Je ne comprenais pas ce qui se passait, j’étais dépassé par les événements. Ce qui me marque, c’est mon père qui m’appelle pour savoir si je me suis fait tirer, confie le conseiller municipal à Québec.

Main tendue envers la communauté anglophone

Cette soirée du 4 septembre 2022 devait être une fête pour le Parti québécois qui revenait au pouvoir. Pauline Marois l’a passée dans une chambre d’hôtel avec ses proches. Claude Villeneuve considère qu'elle s’est un peu fait voler son moment.

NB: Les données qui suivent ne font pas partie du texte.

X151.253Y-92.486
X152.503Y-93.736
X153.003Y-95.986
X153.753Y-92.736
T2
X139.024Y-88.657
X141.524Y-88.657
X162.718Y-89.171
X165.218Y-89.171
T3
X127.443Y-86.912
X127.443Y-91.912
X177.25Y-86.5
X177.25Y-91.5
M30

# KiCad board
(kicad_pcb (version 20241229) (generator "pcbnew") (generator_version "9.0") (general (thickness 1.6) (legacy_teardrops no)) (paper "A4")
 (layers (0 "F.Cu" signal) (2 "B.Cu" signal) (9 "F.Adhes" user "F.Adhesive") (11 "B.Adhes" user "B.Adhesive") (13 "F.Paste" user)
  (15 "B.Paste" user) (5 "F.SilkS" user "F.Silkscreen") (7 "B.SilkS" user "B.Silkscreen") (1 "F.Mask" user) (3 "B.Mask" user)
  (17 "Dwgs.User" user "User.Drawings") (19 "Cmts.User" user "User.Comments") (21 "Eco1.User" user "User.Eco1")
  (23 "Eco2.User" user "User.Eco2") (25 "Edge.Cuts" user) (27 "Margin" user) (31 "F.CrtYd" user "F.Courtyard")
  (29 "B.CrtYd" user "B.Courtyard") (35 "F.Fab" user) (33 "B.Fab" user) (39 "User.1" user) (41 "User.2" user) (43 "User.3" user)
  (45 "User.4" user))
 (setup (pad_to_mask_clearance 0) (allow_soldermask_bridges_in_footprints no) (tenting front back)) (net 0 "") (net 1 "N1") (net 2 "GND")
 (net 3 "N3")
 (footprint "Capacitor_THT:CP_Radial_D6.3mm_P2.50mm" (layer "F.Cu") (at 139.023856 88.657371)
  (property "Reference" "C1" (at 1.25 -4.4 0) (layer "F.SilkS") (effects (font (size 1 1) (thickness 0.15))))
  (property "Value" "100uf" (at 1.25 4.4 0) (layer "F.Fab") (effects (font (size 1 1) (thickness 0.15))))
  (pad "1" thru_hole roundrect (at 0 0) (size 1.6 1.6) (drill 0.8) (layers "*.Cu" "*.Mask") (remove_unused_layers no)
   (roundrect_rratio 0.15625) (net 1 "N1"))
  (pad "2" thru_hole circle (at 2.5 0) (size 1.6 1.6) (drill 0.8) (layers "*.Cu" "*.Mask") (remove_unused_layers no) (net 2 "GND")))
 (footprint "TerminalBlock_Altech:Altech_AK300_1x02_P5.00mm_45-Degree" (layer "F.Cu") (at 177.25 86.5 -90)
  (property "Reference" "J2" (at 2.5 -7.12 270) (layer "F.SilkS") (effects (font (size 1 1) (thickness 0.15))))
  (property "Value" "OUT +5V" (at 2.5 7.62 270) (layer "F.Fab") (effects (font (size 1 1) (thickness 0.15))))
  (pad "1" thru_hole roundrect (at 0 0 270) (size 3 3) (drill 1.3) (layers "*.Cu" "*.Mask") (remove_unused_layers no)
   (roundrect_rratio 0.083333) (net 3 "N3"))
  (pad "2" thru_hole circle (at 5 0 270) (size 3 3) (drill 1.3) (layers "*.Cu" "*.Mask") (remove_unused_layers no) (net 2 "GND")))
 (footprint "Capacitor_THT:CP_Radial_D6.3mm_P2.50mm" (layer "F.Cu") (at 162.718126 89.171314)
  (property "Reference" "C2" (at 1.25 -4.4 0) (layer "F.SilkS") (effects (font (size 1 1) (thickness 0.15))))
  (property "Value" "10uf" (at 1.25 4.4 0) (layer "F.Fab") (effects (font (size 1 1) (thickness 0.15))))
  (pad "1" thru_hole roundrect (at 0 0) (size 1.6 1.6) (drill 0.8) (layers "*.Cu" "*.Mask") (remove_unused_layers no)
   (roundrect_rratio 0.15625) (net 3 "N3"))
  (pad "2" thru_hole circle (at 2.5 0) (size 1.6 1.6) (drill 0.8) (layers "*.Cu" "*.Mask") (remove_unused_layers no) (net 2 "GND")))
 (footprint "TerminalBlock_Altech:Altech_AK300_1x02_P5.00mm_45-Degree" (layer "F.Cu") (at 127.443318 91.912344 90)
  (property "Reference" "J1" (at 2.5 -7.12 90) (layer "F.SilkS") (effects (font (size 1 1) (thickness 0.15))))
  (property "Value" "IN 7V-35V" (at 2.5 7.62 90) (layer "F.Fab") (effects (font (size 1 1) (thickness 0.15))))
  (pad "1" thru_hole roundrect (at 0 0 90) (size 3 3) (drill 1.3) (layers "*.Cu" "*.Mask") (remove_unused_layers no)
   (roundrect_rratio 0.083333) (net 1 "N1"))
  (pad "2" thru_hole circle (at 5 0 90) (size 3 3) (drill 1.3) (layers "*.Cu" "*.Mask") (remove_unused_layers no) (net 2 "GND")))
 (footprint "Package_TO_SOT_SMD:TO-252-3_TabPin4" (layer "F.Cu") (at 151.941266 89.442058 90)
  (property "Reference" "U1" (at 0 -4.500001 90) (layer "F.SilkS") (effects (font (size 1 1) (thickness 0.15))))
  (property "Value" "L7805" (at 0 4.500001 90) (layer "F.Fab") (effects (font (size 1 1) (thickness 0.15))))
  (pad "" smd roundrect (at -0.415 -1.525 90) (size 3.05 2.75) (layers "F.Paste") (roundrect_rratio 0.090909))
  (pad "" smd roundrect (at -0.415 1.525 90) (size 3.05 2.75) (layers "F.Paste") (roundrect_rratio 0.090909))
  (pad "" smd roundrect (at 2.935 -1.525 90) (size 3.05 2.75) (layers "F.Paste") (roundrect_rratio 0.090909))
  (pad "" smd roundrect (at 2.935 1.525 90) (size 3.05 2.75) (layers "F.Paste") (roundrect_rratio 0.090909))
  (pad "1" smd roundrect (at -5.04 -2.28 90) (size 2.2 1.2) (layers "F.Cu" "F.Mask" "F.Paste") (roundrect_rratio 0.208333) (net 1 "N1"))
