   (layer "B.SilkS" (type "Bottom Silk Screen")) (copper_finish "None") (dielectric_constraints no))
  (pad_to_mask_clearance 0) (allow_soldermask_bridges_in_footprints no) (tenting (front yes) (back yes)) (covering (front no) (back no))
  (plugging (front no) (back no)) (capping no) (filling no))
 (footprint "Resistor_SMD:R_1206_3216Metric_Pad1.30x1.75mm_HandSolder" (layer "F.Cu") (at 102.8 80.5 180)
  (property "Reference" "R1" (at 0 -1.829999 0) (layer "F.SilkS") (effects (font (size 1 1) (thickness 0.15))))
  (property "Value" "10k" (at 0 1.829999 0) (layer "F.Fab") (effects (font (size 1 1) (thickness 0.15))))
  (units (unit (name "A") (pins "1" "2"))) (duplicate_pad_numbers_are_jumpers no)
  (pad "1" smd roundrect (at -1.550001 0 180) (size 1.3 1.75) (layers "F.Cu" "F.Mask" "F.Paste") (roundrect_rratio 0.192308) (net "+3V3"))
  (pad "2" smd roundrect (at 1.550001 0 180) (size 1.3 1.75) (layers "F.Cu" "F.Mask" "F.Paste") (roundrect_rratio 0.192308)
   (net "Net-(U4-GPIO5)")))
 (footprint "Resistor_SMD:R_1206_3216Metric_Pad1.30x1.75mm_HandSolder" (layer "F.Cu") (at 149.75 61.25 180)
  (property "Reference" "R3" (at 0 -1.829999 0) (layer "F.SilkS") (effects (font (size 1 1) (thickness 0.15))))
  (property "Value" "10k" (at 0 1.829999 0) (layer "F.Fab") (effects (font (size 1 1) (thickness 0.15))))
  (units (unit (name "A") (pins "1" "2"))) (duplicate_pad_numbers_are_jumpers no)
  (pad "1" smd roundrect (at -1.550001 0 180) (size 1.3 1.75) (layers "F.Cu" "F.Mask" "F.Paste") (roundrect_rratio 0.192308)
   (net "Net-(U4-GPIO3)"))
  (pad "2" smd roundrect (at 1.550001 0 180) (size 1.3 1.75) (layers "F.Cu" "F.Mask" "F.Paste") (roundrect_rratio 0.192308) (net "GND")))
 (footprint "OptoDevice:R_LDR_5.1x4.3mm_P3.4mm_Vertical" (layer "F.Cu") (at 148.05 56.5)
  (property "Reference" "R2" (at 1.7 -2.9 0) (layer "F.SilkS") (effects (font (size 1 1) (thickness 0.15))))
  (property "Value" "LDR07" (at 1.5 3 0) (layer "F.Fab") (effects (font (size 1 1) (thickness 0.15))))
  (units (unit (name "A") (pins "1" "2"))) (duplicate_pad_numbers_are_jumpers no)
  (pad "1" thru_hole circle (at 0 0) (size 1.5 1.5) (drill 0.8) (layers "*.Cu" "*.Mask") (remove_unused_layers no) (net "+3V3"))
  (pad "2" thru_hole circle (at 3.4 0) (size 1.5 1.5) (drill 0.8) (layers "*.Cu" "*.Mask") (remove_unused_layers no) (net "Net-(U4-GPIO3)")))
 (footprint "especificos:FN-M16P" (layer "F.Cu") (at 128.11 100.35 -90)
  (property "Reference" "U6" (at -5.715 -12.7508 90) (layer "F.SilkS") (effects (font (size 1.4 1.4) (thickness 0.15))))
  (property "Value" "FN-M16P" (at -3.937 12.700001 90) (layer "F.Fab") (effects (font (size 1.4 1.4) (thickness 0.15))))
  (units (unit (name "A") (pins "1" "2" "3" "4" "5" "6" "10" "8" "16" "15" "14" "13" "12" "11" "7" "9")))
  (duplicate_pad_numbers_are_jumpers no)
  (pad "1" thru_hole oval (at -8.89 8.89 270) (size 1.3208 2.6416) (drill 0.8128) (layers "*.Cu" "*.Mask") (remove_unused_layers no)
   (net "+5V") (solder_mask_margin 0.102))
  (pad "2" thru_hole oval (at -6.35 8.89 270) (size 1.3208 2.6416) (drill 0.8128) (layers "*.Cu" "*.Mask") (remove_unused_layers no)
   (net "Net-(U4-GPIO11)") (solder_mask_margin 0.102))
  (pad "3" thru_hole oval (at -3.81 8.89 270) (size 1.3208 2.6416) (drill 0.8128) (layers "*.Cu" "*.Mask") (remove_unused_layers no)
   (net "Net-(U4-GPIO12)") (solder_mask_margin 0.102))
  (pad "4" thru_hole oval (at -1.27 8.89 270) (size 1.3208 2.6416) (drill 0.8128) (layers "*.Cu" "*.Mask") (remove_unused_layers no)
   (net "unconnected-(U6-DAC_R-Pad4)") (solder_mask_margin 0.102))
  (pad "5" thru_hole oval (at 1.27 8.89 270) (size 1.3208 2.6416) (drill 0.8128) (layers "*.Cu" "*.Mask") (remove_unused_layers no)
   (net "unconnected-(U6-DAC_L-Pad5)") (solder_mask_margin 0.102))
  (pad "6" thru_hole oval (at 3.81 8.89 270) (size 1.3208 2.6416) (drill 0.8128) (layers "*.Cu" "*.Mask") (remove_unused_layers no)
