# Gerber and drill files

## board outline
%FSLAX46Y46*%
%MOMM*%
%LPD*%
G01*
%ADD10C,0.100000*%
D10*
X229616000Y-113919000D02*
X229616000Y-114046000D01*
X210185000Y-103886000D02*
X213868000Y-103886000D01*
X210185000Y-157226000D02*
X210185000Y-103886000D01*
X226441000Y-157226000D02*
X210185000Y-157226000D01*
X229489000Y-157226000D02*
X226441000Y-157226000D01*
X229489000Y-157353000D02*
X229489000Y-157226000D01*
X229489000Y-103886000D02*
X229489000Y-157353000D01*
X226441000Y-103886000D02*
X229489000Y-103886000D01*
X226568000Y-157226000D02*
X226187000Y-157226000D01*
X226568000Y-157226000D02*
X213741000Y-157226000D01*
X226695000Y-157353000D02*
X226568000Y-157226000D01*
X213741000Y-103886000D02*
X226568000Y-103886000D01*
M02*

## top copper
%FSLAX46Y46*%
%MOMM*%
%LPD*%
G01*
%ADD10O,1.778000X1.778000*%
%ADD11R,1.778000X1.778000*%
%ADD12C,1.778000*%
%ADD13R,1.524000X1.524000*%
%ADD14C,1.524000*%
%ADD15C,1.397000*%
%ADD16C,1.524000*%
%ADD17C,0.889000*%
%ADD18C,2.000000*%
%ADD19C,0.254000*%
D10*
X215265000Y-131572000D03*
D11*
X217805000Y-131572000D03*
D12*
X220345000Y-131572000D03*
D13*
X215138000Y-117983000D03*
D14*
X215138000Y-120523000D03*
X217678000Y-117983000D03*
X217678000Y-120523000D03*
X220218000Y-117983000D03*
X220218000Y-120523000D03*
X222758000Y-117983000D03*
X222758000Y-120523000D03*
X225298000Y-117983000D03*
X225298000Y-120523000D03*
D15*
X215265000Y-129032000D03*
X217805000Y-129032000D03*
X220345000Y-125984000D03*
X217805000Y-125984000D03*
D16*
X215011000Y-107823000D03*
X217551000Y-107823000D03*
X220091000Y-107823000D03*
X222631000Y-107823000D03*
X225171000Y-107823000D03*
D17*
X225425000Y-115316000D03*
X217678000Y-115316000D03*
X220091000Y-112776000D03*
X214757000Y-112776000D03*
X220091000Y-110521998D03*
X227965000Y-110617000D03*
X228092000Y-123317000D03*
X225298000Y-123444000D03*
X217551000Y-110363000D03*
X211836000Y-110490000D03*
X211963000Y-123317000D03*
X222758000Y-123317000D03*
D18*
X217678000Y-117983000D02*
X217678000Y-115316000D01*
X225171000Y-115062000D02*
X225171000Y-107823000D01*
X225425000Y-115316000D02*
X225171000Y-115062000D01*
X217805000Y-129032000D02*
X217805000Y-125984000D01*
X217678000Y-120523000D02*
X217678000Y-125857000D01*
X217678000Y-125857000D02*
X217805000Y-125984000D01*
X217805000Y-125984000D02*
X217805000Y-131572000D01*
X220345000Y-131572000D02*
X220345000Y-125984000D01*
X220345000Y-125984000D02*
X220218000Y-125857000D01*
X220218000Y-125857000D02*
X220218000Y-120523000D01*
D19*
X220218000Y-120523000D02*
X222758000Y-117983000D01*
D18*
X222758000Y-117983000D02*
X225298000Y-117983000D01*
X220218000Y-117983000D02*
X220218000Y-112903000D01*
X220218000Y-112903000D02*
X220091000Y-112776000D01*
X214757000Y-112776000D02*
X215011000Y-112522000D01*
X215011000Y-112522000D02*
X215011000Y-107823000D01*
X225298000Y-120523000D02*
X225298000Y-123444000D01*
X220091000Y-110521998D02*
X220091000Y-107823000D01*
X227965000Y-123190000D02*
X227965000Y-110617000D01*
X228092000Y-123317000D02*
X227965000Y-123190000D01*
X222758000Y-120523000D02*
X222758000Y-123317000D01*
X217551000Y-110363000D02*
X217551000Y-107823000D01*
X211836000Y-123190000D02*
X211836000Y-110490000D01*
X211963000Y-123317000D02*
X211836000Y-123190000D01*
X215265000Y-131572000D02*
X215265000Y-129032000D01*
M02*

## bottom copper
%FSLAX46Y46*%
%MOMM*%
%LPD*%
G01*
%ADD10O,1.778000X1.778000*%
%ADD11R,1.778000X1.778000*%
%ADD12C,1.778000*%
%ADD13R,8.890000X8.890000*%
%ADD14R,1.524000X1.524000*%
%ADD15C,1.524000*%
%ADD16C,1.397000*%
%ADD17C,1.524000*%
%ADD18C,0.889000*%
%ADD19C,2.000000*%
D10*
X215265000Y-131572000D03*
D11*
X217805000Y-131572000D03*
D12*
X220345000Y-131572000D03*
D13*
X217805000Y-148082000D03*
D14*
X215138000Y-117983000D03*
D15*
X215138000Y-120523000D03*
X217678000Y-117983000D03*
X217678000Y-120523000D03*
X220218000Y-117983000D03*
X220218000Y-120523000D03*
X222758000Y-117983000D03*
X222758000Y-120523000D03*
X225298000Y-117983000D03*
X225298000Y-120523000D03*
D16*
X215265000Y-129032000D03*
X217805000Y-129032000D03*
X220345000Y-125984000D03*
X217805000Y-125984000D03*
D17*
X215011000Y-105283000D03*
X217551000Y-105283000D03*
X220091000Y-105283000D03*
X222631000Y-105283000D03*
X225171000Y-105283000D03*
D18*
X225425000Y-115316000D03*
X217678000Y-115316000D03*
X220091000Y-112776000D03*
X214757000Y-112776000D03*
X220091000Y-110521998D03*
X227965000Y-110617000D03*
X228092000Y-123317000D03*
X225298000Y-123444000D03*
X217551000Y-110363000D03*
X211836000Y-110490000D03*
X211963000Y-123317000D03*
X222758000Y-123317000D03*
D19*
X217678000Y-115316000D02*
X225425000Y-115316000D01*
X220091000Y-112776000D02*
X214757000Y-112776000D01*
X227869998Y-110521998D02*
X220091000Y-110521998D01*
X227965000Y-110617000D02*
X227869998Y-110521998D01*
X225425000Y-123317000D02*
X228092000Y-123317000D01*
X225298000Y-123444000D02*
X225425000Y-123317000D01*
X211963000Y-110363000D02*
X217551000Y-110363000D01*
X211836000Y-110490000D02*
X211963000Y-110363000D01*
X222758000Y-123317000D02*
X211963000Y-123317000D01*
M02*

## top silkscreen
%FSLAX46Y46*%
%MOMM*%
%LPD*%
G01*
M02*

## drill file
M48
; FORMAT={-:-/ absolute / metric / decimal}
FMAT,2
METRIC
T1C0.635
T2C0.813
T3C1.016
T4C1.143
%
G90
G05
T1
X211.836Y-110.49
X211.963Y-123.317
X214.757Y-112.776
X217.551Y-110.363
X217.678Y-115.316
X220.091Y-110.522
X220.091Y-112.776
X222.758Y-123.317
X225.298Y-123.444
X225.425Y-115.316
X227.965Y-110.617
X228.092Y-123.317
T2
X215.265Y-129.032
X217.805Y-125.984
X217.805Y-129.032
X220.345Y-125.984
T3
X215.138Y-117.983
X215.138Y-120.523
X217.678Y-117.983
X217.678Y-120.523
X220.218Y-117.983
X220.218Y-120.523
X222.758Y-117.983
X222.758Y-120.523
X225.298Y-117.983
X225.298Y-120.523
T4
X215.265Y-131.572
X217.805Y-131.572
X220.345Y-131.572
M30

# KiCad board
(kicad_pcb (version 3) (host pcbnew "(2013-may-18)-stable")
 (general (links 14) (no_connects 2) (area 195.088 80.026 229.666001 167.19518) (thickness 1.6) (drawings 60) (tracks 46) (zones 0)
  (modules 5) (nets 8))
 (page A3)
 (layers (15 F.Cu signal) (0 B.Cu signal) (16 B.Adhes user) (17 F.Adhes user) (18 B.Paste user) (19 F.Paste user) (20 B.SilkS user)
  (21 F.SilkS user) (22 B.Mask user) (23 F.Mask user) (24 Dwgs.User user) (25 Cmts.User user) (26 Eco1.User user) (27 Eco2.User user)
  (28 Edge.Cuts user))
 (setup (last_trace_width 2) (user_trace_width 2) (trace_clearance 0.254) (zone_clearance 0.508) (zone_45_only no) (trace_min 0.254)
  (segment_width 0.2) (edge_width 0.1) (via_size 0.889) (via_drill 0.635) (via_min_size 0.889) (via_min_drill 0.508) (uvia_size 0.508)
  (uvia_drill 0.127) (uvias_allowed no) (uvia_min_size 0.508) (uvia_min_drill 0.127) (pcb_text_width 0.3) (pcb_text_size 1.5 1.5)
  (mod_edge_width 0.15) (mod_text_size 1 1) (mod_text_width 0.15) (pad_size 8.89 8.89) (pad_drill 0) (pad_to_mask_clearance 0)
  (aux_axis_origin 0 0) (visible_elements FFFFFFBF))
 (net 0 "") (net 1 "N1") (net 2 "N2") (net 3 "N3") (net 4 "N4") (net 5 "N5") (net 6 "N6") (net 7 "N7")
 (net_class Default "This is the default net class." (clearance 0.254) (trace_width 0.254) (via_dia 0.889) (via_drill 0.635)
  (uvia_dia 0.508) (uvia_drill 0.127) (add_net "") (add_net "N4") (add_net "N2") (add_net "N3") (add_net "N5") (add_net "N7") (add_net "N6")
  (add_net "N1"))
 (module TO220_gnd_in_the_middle (layer B.Cu) (at 217.805 131.572 270)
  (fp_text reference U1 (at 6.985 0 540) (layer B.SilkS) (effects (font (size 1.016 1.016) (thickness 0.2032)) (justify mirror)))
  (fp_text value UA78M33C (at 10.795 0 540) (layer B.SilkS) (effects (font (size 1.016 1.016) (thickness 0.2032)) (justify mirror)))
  (pad 1 thru_hole oval (at 0 2.54 270) (size 1.778 1.778) (drill 1.143) (layers *.Cu *.Mask B.SilkS) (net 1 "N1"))
  (pad 2 thru_hole rect (at 0 0 270) (size 1.778 1.778) (drill 1.143) (layers *.Cu *.Mask B.SilkS) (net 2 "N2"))
  (pad 3 thru_hole circle (at 0 -2.54 270) (size 1.778 1.778) (drill 1.143) (layers *.Cu *.Mask B.SilkS) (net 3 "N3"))
  (pad 4 smd rect (at 16.51 0 270) (size 8.89 8.89) (layers B.Cu B.Paste B.Mask)))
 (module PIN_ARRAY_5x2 (layer B.Cu) (at 220.218 119.253)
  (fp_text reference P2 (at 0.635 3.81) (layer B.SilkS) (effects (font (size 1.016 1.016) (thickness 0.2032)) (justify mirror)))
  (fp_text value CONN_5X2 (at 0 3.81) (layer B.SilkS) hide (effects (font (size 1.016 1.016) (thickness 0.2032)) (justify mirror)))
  (pad 1 thru_hole rect (at -5.08 -1.27) (size 1.524 1.524) (drill 1.016) (layers *.Cu *.Mask B.SilkS))
  (pad 2 thru_hole circle (at -5.08 1.27) (size 1.524 1.524) (drill 1.016) (layers *.Cu *.Mask B.SilkS))
  (pad 3 thru_hole circle (at -2.54 -1.27) (size 1.524 1.524) (drill 1.016) (layers *.Cu *.Mask B.SilkS) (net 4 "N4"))
  (pad 4 thru_hole circle (at -2.54 1.27) (size 1.524 1.524) (drill 1.016) (layers *.Cu *.Mask B.SilkS) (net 2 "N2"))
  (pad 5 thru_hole circle (at 0 -1.27) (size 1.524 1.524) (drill 1.016) (layers *.Cu *.Mask B.SilkS) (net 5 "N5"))
  (pad 6 thru_hole circle (at 0 1.27) (size 1.524 1.524) (drill 1.016) (layers *.Cu *.Mask B.SilkS) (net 3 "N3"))
  (pad 7 thru_hole circle (at 2.54 -1.27) (size 1.524 1.524) (drill 1.016) (layers *.Cu *.Mask B.SilkS) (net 3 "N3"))
  (pad 8 thru_hole circle (at 2.54 1.27) (size 1.524 1.524) (drill 1.016) (layers *.Cu *.Mask B.SilkS) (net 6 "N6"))
  (pad 9 thru_hole circle (at 5.08 -1.27) (size 1.524 1.524) (drill 1.016) (layers *.Cu *.Mask B.SilkS) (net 3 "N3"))
  (pad 10 thru_hole circle (at 5.08 1.27) (size 1.524 1.524) (drill 1.016) (layers *.Cu *.Mask B.SilkS) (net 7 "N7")))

Il souligne que dans le discours qu’elle n’a pas pu prononcer en entier, Pauline Marois s’adressait aux membres de la communauté anglophone.

Elle leur tendait la main en leur disant qu’elle serait la première ministre de tous les Québécois.

Pauline Marois en entrevue assise sur une chaise.

L’ancienne première ministre Pauline Marois s'est confiée à Daniel Thibault, l'animateur de l'émission Les coulisses du pouvoir.

Photo : Martin Blais

Dimanche, dans l’émission Les coulisses du pouvoir, l’ancienne cheffe du gouvernement déclarait qu’elle regrettait de ne pas avoir qualifié l’attaque armée dont elle a été victime il y a 10 ans d’attentat politique.

Je n'ai pas voulu parler d'un attentat politique pour une raison particulière. C'était un anglophone qui était contre les souverainistes. Il l'a dit dans les propos qu'il a tenus et je ne voulais pas exacerber ma relation avec la communauté anglo-québécoise.

Le tireur, Richard Henry Bain, purge une peine de prison à vie.